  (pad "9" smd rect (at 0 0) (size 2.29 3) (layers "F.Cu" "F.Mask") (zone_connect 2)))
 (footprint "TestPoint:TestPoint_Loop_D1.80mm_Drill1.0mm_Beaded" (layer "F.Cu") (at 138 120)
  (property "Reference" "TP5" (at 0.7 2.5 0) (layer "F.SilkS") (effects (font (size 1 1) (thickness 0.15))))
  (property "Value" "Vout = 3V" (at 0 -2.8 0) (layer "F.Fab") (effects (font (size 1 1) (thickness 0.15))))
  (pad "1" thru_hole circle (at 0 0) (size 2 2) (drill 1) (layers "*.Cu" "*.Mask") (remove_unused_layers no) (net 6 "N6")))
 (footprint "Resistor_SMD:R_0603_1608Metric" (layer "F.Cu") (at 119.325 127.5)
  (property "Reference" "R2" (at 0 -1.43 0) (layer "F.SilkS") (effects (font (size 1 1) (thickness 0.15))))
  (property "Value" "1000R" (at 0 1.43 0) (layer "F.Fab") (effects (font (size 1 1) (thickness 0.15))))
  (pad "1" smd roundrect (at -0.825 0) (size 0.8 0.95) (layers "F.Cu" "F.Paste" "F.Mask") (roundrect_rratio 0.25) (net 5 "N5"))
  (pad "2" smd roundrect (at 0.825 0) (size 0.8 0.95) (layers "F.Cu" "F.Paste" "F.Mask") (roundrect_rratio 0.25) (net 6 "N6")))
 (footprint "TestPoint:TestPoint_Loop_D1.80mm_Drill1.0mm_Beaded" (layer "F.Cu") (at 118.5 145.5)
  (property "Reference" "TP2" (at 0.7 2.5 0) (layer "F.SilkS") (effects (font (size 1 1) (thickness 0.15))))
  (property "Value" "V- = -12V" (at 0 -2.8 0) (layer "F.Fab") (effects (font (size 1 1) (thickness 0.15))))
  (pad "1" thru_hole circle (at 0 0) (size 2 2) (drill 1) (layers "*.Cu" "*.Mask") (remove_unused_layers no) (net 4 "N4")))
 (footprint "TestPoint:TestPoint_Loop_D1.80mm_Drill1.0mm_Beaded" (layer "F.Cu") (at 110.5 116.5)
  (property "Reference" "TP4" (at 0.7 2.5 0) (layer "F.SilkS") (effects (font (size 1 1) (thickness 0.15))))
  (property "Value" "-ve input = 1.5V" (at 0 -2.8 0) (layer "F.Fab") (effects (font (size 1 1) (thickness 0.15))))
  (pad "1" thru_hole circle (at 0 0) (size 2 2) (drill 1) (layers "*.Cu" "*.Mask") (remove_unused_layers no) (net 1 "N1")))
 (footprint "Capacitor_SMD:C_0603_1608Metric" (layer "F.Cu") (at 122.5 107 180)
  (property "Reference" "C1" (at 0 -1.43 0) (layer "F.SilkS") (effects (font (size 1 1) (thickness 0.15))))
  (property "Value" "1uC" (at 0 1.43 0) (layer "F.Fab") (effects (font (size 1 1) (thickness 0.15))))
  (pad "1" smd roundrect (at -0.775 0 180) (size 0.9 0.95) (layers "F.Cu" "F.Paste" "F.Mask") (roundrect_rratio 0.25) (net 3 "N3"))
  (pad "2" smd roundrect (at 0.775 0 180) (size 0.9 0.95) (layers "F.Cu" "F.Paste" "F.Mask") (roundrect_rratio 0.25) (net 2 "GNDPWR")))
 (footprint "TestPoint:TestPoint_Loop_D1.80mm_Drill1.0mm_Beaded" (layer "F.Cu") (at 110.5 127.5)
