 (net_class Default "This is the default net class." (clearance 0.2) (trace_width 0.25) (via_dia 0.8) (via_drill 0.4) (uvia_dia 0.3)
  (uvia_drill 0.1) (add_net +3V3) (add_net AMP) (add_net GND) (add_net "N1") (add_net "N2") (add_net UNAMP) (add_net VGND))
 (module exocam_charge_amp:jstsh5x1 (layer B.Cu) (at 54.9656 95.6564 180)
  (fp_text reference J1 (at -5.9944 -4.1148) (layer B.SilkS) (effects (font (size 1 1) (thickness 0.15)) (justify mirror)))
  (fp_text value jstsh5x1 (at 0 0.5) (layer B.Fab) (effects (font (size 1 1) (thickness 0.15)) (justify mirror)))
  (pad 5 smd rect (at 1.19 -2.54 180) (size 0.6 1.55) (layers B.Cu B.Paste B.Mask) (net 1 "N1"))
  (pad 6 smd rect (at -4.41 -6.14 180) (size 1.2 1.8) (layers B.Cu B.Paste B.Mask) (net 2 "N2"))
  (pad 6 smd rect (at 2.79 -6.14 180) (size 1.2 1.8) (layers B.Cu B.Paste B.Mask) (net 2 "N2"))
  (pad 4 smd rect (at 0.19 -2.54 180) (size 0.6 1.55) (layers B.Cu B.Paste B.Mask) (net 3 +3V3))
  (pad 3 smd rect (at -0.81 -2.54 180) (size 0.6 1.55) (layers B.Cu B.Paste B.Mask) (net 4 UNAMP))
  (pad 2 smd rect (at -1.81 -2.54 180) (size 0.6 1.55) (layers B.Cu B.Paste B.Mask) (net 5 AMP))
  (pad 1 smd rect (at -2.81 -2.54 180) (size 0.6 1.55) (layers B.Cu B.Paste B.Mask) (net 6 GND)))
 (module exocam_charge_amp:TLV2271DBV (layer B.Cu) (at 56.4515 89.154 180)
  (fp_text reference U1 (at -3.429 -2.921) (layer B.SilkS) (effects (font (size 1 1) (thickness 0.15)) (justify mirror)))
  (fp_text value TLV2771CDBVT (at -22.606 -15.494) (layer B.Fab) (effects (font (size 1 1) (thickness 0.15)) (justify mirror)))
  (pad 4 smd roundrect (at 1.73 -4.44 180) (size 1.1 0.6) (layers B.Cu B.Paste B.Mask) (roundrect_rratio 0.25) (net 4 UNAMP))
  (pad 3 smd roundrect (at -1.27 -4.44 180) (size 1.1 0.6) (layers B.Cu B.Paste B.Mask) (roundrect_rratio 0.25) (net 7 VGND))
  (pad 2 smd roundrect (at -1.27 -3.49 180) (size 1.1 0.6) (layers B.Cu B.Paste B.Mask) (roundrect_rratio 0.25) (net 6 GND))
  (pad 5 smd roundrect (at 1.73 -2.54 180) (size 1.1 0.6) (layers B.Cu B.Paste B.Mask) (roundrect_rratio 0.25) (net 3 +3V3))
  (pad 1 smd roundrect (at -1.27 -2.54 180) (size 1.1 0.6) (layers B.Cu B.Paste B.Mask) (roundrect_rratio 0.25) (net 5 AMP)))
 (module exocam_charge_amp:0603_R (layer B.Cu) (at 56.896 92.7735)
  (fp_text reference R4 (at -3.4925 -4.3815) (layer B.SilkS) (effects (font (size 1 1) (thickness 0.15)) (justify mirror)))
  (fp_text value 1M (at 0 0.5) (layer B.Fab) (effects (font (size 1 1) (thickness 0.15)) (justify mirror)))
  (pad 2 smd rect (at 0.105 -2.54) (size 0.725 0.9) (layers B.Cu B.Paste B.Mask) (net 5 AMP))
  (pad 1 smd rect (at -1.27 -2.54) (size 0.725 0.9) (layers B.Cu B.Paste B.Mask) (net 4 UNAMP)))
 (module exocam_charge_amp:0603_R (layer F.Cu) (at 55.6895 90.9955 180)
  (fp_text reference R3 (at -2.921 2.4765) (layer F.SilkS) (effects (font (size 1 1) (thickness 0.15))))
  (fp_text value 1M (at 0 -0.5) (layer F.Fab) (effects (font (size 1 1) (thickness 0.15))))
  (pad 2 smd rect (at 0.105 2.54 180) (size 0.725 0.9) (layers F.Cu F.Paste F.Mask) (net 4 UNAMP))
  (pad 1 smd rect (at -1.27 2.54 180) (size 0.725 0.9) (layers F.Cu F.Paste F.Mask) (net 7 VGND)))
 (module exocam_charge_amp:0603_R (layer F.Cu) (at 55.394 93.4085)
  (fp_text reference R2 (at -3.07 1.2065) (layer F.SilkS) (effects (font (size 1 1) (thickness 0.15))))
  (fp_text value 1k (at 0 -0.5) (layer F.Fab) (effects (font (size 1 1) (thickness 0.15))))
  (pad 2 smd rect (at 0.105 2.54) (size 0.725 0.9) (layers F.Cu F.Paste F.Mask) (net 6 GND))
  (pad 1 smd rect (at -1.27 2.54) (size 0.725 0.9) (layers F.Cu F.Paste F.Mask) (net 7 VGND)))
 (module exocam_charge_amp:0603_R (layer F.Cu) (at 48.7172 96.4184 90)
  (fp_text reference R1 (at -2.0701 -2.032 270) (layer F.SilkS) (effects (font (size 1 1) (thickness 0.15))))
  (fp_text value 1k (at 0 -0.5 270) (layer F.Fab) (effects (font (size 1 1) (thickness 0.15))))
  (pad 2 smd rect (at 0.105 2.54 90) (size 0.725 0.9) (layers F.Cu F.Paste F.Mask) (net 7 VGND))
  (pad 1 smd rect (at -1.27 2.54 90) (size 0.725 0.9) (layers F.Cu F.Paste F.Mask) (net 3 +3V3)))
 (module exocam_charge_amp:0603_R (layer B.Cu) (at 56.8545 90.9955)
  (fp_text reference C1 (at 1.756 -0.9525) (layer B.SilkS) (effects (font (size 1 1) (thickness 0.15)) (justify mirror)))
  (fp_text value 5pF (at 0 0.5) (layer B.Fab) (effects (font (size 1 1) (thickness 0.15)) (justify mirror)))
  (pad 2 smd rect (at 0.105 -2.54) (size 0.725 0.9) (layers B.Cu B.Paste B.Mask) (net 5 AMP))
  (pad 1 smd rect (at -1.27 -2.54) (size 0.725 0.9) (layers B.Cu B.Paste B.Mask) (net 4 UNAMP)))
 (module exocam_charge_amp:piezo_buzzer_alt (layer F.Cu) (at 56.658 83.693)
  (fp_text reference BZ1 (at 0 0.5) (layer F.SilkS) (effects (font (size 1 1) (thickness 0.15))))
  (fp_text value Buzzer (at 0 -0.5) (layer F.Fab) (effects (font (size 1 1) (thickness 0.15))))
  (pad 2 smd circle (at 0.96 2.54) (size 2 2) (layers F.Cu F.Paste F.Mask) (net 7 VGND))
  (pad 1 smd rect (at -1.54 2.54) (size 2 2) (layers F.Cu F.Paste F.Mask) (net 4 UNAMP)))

● ● ●

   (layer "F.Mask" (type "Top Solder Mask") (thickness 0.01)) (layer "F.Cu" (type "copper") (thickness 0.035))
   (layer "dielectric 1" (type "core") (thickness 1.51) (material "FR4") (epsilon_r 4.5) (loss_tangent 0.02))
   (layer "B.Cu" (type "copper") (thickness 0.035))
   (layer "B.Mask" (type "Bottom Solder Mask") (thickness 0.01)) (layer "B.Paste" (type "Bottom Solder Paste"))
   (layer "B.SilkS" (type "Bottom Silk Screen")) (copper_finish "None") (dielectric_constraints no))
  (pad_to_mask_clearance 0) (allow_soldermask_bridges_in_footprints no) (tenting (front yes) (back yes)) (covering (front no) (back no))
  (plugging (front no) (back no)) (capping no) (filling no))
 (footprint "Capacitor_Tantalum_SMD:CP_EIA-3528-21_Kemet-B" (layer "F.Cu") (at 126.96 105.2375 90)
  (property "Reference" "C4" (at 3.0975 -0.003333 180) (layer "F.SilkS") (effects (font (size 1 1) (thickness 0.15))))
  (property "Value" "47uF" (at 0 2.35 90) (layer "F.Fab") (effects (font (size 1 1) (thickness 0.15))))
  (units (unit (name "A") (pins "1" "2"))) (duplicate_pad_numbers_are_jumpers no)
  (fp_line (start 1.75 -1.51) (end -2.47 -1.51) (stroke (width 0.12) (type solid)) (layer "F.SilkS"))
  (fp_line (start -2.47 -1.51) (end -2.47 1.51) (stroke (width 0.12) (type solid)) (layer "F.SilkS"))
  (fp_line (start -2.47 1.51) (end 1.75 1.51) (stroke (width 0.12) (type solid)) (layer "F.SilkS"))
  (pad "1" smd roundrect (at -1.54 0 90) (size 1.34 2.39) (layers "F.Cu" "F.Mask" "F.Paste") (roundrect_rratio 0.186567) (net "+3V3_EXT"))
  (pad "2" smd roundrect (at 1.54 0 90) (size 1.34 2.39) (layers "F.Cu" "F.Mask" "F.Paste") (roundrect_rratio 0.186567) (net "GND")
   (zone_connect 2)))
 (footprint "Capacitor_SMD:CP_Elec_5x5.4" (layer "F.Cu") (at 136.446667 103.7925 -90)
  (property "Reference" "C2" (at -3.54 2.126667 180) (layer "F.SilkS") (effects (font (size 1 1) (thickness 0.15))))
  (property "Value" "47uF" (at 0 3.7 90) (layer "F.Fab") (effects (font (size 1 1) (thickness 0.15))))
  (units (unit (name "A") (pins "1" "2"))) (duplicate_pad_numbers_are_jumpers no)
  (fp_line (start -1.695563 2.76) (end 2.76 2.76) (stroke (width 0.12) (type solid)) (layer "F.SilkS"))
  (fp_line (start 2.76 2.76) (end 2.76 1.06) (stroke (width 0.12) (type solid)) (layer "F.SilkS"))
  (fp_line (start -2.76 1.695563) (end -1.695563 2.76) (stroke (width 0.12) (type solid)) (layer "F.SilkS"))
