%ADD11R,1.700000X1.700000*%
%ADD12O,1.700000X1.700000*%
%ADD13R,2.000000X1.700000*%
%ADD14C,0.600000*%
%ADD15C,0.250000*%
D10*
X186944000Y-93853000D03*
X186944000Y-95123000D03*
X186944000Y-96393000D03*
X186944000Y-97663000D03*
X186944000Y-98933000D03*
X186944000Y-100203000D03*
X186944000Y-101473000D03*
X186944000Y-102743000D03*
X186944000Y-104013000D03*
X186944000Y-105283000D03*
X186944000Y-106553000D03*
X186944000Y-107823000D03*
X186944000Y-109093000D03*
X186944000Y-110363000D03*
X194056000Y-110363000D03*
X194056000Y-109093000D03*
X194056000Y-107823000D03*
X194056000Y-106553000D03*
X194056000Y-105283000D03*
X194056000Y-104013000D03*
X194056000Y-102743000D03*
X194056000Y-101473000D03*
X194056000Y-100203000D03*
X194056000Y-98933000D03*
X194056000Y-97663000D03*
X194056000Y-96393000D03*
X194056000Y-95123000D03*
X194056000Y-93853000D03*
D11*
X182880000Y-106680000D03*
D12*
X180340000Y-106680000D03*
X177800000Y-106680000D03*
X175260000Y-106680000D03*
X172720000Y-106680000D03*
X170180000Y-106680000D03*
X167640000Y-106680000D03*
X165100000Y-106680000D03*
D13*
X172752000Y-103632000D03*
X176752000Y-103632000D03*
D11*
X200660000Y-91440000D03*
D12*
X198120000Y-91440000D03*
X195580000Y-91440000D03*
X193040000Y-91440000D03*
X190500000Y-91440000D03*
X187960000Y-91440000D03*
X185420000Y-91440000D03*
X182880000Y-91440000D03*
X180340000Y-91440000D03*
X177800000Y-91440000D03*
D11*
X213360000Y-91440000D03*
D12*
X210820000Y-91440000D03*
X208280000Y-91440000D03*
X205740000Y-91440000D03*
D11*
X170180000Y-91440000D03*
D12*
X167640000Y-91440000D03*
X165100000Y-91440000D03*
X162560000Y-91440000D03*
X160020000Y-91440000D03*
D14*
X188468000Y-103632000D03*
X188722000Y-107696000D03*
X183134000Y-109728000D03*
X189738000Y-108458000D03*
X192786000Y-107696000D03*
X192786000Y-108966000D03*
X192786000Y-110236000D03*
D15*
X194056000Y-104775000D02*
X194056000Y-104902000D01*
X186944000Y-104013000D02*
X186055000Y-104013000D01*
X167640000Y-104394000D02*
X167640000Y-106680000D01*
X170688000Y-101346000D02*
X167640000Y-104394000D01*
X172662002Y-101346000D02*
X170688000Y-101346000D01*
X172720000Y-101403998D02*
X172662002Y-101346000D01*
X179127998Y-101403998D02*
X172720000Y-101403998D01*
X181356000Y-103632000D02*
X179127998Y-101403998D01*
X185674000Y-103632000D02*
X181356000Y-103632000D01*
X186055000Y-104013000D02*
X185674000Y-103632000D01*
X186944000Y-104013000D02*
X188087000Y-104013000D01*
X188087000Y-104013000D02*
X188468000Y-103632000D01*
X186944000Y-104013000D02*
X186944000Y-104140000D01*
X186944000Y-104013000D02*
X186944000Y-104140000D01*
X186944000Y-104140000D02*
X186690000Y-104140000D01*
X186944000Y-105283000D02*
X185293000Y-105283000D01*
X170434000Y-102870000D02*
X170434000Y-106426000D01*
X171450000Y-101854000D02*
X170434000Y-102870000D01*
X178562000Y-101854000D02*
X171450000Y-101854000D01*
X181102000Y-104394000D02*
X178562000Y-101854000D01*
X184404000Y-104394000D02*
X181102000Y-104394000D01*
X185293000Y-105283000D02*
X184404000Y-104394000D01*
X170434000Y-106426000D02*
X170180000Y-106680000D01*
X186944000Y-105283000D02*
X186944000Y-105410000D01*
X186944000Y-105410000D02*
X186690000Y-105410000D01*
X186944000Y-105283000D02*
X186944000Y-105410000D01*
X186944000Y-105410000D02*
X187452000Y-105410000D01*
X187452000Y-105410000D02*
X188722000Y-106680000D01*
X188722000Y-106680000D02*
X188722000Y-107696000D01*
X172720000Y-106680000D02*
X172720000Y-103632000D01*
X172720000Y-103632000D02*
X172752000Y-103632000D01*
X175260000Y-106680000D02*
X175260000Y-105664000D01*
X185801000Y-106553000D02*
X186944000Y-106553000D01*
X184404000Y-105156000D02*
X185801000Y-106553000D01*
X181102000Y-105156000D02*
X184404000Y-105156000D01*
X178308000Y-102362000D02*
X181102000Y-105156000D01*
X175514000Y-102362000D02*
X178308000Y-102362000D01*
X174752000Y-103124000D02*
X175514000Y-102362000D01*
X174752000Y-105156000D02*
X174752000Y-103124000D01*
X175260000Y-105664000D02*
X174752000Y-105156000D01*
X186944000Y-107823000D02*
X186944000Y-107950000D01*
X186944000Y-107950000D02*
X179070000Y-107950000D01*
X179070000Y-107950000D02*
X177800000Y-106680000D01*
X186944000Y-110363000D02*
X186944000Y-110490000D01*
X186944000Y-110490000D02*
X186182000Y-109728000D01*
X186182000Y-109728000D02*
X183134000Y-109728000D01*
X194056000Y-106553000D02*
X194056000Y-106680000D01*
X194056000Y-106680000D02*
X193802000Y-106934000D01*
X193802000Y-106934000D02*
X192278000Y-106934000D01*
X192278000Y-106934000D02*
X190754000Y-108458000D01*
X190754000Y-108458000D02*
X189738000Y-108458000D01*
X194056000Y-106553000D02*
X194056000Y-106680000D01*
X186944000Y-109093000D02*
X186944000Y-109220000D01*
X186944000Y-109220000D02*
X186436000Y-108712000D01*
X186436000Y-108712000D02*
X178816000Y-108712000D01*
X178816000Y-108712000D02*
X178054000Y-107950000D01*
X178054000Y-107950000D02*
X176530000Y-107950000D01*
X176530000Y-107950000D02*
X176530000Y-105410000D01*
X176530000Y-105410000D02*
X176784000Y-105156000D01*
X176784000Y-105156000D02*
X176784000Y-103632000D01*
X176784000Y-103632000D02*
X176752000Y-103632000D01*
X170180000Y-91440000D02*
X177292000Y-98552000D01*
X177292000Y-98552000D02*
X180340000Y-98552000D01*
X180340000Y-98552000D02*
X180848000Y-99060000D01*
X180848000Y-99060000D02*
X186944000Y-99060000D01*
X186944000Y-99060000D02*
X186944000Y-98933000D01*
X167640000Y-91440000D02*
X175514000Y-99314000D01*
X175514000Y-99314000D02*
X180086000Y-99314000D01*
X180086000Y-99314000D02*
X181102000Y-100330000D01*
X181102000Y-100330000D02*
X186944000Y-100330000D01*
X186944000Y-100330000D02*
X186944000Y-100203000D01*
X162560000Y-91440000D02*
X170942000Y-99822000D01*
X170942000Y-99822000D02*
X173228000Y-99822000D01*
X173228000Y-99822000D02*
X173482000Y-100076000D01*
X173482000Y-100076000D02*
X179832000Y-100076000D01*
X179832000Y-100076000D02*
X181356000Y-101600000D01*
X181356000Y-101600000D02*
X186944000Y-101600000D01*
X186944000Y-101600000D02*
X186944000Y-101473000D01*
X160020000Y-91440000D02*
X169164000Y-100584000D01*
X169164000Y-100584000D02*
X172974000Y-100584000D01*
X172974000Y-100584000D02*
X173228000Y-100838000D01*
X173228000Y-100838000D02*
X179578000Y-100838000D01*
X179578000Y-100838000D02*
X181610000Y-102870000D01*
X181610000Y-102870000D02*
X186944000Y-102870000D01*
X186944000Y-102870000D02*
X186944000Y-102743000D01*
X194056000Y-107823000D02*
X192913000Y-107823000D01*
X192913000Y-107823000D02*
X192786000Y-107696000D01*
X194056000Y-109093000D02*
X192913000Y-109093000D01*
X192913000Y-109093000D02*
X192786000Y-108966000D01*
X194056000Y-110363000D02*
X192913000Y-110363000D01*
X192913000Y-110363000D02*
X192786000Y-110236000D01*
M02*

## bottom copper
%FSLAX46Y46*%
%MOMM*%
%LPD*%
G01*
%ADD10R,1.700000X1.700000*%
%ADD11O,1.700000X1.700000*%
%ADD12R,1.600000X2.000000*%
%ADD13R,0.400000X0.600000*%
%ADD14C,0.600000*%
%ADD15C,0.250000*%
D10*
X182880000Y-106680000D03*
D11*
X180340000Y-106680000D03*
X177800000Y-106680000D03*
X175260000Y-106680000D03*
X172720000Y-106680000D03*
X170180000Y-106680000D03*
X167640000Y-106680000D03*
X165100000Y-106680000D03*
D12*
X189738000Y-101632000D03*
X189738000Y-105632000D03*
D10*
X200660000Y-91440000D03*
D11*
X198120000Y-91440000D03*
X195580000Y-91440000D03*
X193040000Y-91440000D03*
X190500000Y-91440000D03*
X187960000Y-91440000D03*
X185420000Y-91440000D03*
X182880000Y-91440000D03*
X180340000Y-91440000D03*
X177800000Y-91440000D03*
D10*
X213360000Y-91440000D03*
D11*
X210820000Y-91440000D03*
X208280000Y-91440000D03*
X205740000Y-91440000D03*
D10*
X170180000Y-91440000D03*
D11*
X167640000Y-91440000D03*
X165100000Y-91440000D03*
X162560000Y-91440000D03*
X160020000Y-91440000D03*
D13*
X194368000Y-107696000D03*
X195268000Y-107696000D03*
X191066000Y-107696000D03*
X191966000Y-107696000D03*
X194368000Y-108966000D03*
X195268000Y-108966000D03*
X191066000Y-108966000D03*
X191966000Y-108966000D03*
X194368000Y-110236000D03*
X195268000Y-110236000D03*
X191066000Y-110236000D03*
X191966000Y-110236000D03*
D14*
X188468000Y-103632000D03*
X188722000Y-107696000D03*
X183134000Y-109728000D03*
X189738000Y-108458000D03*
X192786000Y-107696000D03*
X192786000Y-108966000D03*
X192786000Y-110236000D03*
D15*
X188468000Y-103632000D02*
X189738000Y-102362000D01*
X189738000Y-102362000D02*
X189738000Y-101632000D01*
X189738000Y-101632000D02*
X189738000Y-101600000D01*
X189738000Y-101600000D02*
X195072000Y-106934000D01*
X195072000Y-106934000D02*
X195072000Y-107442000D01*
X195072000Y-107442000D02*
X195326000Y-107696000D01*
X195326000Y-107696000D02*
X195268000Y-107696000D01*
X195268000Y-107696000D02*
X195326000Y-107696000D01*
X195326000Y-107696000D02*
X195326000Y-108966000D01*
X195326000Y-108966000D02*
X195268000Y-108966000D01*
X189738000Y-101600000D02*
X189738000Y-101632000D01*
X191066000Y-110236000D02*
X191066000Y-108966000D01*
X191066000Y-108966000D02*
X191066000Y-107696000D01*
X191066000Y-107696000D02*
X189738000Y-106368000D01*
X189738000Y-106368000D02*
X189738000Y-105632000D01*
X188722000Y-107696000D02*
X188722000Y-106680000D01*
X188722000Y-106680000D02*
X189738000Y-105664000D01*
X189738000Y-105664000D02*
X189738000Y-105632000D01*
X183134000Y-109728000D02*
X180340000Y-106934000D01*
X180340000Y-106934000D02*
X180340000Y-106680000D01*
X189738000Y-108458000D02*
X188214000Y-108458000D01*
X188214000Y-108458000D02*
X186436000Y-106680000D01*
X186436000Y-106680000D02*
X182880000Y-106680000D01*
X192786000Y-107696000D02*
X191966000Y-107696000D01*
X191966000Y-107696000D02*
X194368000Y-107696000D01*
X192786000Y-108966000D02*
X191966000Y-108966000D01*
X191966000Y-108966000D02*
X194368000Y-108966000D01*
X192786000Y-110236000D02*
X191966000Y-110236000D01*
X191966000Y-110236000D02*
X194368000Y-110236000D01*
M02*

● ● ●

The task: Your answer should consist of all lines above that include the string "stroke".

Written reply:
  (fp_line (start 1.75 -1.51) (end -2.47 -1.51) (stroke (width 0.12) (type solid)) (layer "F.SilkS"))
  (fp_line (start -2.47 -1.51) (end -2.47 1.51) (stroke (width 0.12) (type solid)) (layer "F.SilkS"))
  (fp_line (start -2.47 1.51) (end 1.75 1.51) (stroke (width 0.12) (type solid)) (layer "F.SilkS"))
  (fp_line (start -1.695563 2.76) (end 2.76 2.76) (stroke (width 0.12) (type solid)) (layer "F.SilkS"))
  (fp_line (start 2.76 2.76) (end 2.76 1.06) (stroke (width 0.12) (type solid)) (layer "F.SilkS"))
  (fp_line (start -2.76 1.695563) (end -1.695563 2.76) (stroke (width 0.12) (type solid)) (layer "F.SilkS"))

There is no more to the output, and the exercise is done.